After finding the line with "X155319750Y-88168500D02*" in the data below, set down exactly each line through the one with "X155341000Y-119911000D01*", inclusive, and stop there.

→ **TASK DATA**:
■ ■ ■
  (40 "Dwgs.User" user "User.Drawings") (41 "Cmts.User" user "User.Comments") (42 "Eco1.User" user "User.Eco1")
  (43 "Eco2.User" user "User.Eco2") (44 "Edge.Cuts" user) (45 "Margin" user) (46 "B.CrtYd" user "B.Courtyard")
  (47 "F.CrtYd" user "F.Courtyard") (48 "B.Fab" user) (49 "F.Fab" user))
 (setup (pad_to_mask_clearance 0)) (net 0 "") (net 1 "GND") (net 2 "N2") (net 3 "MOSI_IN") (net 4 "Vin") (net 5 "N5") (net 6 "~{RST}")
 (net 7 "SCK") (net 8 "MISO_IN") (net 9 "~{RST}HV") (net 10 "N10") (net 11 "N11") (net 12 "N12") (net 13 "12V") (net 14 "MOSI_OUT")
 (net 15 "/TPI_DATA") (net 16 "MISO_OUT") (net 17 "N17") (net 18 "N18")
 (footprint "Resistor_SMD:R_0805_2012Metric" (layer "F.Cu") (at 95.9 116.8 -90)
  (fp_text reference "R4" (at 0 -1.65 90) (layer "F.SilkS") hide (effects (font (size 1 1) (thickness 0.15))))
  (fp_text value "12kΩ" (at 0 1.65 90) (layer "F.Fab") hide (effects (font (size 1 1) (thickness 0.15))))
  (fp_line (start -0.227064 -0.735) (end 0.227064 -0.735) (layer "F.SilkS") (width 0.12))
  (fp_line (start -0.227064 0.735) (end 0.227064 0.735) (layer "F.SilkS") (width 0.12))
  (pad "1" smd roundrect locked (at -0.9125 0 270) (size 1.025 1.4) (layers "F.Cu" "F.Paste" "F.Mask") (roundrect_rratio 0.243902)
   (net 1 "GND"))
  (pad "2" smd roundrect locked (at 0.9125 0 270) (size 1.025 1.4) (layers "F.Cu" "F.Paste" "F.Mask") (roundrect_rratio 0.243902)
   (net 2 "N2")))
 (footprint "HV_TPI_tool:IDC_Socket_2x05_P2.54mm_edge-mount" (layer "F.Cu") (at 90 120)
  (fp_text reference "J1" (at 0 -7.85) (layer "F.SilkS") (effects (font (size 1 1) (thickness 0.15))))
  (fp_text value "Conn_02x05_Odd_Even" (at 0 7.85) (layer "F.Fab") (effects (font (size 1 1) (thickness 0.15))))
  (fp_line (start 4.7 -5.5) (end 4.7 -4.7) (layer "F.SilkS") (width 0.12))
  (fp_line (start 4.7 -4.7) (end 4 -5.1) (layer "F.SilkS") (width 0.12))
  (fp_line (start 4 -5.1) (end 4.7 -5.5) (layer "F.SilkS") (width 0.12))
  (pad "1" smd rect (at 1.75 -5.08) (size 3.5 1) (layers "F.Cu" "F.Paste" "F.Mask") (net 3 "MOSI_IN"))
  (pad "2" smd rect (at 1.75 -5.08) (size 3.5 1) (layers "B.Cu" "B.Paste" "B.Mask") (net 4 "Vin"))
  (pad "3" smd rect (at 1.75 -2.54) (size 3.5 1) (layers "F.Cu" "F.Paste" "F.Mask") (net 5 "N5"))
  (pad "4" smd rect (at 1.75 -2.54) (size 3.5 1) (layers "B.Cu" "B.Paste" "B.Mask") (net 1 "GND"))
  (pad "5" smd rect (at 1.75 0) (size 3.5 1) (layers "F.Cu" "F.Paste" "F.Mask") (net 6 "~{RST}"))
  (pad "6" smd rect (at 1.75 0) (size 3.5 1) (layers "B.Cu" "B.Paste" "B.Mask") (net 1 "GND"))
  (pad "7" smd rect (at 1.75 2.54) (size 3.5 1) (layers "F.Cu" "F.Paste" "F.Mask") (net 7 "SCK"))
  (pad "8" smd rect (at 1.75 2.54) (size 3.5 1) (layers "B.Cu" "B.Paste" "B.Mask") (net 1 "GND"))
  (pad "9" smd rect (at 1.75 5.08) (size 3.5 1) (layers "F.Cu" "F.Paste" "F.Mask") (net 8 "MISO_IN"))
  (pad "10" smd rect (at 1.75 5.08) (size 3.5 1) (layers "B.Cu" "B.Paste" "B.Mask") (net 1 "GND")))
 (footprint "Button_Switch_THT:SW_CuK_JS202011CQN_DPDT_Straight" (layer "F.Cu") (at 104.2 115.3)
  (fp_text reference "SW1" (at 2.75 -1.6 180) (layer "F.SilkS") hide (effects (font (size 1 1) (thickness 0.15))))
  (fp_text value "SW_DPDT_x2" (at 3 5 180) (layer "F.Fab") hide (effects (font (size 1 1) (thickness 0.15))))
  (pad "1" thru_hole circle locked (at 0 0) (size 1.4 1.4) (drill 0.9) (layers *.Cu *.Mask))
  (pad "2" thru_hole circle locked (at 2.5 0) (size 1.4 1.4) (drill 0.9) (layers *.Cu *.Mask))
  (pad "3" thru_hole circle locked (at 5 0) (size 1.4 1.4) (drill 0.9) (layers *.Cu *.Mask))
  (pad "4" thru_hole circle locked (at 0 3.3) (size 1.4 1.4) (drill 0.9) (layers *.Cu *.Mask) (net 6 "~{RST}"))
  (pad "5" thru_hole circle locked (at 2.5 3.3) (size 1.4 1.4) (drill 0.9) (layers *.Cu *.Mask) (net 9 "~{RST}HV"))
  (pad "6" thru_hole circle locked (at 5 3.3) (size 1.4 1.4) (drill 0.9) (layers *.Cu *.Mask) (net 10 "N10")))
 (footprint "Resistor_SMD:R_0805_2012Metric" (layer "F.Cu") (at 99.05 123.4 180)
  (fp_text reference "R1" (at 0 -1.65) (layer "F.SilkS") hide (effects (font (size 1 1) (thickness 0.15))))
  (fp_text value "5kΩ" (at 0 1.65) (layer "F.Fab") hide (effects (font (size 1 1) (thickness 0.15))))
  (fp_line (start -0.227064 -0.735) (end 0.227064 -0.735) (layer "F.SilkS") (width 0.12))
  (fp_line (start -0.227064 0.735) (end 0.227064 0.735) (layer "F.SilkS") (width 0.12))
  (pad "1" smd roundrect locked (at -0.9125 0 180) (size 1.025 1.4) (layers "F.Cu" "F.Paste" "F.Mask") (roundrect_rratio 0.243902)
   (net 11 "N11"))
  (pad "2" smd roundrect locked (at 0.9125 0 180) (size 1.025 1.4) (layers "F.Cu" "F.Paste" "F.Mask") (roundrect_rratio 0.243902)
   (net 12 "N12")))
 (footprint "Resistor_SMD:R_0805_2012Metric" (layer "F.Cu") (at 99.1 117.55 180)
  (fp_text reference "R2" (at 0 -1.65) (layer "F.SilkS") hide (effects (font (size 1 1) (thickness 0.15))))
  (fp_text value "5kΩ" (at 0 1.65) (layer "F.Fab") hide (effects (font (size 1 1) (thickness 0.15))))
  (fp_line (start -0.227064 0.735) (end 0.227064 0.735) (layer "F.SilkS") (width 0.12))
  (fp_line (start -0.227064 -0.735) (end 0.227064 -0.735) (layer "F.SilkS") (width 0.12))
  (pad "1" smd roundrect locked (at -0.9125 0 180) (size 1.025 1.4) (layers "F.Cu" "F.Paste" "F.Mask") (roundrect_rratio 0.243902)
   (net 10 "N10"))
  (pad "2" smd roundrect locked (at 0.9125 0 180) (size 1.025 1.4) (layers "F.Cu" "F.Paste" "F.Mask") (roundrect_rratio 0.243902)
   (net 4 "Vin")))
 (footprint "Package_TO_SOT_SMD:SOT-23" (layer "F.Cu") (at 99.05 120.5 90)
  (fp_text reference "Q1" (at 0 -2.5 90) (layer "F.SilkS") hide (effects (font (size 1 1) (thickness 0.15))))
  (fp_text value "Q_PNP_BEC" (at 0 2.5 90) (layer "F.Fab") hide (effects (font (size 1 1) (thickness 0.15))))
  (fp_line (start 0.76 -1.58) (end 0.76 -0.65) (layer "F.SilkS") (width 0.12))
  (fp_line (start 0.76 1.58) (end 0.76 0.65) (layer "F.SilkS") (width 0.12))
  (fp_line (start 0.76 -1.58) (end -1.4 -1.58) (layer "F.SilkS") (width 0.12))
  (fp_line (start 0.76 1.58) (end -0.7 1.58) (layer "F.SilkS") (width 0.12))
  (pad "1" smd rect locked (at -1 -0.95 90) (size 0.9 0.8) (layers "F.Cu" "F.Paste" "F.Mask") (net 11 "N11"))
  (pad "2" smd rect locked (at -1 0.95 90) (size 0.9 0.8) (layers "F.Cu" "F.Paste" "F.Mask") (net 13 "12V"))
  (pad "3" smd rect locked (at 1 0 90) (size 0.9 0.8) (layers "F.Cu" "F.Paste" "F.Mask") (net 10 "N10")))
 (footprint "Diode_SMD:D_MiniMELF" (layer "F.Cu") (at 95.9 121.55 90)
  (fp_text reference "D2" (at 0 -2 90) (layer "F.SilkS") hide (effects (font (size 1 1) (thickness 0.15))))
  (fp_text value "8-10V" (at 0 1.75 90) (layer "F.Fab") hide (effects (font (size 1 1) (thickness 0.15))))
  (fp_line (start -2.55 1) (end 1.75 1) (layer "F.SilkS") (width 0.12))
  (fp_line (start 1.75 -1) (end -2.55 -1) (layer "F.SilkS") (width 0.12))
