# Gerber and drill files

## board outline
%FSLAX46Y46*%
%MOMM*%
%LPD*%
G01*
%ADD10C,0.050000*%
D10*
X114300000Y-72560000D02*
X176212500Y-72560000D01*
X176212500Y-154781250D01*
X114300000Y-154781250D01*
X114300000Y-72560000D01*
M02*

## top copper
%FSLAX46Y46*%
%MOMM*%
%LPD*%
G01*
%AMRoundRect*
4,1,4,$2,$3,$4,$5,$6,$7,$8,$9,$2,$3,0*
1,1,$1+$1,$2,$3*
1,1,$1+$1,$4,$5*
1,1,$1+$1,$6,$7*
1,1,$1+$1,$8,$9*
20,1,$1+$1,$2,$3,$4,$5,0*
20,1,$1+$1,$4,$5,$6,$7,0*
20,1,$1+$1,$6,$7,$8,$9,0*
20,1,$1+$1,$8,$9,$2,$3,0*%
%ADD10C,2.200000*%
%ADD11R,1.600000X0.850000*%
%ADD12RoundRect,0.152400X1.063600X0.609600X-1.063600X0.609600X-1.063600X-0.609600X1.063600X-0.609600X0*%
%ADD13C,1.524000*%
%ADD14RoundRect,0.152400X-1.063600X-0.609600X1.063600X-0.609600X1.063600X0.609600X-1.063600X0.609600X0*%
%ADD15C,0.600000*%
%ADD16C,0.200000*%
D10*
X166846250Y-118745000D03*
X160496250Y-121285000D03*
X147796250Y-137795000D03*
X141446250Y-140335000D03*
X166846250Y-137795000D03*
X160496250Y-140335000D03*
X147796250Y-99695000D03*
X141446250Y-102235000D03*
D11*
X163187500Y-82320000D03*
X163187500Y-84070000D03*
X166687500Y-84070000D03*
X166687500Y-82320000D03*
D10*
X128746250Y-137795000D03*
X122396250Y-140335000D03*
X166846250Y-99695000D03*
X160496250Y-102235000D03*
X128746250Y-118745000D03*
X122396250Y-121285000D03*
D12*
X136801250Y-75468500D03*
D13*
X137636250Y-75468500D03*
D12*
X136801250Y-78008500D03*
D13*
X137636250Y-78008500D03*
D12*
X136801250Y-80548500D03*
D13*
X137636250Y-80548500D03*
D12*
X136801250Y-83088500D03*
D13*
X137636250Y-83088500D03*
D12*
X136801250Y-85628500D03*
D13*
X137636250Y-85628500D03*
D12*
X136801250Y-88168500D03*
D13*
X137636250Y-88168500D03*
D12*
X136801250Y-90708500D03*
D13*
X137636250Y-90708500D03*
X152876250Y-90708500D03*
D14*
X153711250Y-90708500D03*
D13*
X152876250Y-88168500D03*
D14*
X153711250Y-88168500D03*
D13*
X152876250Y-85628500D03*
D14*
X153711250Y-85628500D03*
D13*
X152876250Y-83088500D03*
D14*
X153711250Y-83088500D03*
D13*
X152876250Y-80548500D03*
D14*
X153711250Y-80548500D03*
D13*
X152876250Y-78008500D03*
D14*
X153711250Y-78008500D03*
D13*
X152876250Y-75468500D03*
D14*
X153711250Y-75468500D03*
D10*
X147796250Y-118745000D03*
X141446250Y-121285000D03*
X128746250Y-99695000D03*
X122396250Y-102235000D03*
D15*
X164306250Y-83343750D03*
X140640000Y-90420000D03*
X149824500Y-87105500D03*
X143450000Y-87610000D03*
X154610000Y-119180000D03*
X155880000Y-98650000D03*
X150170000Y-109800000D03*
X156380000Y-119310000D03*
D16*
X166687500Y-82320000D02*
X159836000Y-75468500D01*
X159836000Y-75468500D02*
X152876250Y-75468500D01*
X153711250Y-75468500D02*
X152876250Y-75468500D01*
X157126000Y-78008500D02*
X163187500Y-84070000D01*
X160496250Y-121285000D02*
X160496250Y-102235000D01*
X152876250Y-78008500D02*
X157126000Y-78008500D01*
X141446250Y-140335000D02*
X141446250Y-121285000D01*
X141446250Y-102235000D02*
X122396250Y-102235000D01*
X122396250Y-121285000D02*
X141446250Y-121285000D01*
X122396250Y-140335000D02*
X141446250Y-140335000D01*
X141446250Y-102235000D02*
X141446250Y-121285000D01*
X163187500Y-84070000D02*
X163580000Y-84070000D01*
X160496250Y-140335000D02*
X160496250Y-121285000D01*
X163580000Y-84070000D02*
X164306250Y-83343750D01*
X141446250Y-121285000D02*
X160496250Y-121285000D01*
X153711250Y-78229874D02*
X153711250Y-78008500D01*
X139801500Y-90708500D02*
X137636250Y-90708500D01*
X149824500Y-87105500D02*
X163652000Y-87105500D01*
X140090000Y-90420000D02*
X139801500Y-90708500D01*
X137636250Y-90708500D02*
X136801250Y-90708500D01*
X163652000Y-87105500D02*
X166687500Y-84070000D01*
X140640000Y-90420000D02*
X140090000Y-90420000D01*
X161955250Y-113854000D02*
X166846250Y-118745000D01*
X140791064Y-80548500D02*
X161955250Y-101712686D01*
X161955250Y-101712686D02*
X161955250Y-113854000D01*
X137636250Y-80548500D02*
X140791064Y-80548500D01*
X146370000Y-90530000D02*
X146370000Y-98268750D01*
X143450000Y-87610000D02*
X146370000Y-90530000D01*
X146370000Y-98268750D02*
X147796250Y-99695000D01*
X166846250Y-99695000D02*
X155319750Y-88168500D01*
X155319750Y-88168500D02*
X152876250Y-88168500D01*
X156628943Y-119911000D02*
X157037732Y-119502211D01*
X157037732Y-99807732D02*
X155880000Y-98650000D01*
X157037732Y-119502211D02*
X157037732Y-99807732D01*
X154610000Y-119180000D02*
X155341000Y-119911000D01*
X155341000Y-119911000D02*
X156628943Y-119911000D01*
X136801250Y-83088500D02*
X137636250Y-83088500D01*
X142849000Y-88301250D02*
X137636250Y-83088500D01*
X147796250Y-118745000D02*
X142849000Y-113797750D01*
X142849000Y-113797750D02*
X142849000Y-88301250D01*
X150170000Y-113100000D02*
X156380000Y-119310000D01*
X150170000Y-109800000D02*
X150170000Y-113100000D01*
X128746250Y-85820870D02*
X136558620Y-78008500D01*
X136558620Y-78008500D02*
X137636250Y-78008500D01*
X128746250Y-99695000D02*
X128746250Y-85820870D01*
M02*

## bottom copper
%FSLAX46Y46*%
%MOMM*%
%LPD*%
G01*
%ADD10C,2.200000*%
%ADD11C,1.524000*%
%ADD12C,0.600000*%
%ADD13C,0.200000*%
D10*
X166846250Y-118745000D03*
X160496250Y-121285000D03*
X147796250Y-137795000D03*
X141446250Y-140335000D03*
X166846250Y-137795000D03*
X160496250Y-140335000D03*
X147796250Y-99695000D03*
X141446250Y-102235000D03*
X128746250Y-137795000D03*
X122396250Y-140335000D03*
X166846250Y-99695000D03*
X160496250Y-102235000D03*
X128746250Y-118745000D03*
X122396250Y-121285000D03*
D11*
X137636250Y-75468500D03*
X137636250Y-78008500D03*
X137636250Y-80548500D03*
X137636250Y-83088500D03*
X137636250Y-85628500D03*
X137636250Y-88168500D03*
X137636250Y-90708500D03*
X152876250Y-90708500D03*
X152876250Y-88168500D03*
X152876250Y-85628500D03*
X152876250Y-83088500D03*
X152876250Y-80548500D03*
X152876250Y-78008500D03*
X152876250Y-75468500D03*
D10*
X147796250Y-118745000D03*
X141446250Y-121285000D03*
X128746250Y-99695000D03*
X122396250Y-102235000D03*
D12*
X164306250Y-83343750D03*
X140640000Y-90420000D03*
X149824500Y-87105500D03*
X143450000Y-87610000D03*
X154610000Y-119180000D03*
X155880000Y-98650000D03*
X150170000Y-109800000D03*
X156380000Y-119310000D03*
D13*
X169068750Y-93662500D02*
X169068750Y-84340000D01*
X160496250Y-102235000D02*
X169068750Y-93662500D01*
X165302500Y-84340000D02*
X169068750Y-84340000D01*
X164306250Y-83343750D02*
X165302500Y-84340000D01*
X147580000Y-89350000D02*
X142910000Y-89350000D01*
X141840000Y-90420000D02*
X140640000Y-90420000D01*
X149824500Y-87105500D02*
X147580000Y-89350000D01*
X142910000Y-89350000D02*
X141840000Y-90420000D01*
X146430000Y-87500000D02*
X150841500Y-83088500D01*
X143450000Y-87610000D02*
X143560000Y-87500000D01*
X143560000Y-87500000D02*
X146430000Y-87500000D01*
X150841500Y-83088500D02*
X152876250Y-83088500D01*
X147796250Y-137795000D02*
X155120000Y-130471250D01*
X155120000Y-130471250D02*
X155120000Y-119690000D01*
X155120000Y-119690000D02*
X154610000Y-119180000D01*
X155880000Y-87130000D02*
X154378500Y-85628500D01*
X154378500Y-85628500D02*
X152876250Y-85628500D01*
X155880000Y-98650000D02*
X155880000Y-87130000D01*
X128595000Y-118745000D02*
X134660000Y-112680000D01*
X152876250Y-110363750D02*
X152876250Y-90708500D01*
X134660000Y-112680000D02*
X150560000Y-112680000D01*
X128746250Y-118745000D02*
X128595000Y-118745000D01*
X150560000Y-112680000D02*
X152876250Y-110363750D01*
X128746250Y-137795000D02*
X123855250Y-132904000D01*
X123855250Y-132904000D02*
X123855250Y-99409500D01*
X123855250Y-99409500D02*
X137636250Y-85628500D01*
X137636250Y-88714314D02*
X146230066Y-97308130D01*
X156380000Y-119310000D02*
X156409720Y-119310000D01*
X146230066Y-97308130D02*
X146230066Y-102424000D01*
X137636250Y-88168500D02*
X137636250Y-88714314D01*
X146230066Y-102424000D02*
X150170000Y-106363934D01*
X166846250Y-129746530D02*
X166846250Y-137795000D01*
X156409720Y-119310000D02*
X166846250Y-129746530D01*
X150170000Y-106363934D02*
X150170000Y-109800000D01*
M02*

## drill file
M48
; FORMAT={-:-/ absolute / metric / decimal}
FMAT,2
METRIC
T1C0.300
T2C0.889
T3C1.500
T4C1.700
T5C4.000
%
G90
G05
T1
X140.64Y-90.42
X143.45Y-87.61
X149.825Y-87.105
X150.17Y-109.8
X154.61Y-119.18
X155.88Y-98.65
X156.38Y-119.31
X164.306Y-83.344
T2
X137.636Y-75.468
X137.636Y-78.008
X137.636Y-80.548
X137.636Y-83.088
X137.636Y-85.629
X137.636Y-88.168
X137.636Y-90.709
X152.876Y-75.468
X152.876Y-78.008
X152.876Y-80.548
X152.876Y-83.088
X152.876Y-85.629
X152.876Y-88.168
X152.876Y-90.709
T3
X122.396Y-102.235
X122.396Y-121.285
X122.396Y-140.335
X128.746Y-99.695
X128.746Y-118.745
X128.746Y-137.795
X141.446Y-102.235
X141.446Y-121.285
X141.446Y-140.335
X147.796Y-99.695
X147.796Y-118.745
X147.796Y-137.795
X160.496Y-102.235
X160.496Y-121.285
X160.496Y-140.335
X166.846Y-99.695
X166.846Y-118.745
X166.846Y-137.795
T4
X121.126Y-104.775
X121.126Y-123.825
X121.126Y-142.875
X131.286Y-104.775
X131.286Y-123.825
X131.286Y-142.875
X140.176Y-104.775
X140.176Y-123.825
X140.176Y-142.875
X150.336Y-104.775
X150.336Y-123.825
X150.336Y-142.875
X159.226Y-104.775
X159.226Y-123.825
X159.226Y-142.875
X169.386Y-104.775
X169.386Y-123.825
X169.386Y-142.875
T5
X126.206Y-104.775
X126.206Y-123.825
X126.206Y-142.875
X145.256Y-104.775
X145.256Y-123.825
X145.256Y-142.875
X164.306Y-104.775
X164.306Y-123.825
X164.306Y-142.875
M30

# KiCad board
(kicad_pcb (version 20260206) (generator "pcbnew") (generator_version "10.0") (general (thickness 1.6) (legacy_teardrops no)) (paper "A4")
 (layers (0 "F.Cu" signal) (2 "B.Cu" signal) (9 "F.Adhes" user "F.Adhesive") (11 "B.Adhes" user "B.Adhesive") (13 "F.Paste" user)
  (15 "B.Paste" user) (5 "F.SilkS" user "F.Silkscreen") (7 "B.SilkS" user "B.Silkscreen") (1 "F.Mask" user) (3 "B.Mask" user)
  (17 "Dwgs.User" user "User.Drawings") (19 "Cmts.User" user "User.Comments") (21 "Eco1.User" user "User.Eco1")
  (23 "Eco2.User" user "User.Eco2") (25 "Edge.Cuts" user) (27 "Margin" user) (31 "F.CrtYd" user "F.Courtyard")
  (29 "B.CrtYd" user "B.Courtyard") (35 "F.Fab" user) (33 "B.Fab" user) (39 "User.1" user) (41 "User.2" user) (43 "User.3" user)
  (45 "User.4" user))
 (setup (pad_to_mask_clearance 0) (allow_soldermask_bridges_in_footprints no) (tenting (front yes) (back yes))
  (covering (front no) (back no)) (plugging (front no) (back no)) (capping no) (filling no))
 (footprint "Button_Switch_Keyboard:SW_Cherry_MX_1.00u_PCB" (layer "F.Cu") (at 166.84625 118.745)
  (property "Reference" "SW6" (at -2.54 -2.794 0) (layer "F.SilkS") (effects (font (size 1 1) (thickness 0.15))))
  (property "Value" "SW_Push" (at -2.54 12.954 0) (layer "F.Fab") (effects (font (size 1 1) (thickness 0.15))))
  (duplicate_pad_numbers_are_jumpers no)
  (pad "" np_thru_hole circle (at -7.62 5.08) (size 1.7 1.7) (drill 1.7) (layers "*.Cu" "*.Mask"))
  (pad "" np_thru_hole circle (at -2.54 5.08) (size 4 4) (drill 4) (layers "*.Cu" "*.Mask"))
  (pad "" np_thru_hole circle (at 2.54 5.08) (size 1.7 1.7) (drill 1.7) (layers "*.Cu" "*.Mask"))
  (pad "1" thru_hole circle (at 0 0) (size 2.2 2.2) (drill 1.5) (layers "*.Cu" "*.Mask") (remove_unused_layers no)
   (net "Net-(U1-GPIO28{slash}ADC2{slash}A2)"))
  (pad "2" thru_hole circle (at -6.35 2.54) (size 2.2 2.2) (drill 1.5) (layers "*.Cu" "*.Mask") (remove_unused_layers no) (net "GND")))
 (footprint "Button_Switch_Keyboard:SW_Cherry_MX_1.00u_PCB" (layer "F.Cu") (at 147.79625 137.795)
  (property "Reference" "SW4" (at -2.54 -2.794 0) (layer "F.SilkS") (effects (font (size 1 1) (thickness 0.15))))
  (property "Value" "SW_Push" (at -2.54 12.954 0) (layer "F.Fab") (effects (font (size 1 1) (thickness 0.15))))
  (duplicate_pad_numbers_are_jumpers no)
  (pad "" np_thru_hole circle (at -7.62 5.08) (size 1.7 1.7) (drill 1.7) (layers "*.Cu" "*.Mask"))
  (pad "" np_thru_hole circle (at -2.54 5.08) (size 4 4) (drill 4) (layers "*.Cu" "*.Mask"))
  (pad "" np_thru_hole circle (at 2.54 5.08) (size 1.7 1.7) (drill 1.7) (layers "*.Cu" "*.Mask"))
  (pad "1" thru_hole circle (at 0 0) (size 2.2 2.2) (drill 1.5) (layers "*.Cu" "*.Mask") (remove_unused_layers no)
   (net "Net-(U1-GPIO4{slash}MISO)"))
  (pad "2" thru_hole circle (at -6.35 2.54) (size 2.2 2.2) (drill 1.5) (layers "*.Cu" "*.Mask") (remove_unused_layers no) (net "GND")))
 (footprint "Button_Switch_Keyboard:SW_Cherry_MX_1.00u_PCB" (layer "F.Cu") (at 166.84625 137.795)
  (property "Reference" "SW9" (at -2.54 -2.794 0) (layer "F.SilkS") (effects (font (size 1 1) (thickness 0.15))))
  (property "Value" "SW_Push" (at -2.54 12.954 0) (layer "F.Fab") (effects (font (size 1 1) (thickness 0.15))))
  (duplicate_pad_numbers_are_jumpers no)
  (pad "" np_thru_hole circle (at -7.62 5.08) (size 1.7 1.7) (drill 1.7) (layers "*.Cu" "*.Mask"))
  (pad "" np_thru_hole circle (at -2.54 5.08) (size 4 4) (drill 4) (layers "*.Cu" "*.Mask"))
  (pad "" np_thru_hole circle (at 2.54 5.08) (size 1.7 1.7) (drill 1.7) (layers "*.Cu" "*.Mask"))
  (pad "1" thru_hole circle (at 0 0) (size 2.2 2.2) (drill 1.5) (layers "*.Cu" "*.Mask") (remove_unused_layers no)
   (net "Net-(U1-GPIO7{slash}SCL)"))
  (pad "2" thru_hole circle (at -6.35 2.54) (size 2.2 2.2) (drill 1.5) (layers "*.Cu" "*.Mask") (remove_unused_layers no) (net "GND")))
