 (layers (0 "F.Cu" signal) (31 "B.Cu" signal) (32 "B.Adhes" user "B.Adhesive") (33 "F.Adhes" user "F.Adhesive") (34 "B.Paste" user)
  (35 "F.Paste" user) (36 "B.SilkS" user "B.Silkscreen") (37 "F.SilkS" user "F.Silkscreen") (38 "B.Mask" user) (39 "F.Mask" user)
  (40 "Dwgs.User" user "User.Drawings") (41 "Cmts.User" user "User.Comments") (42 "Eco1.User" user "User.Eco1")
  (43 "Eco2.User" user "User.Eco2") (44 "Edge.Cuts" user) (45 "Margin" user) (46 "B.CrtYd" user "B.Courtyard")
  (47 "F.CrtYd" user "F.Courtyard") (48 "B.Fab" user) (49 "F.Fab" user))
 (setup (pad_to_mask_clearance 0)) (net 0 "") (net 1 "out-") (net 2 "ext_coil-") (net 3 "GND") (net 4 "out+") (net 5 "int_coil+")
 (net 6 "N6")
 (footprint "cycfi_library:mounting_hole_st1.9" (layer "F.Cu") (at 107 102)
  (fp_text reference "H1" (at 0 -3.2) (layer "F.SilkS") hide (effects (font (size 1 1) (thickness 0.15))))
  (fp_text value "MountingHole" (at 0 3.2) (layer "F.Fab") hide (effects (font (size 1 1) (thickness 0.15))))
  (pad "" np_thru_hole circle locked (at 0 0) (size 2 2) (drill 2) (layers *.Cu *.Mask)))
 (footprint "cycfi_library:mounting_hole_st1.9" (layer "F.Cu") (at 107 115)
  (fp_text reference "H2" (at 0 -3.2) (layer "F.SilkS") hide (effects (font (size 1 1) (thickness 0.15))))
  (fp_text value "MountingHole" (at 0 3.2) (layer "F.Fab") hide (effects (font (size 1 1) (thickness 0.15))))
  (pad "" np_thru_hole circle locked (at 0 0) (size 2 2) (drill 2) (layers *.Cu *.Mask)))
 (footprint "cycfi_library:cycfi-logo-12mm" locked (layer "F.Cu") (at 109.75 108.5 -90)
■ ■ ■
→ **SOLUTION**:
X155319750Y-88168500D02*
X152876250Y-88168500D01*
X156628943Y-119911000D02*
X157037732Y-119502211D01*
X157037732Y-99807732D02*
X155880000Y-98650000D01*
X157037732Y-119502211D02*
X157037732Y-99807732D01*
X154610000Y-119180000D02*
X155341000Y-119911000D01*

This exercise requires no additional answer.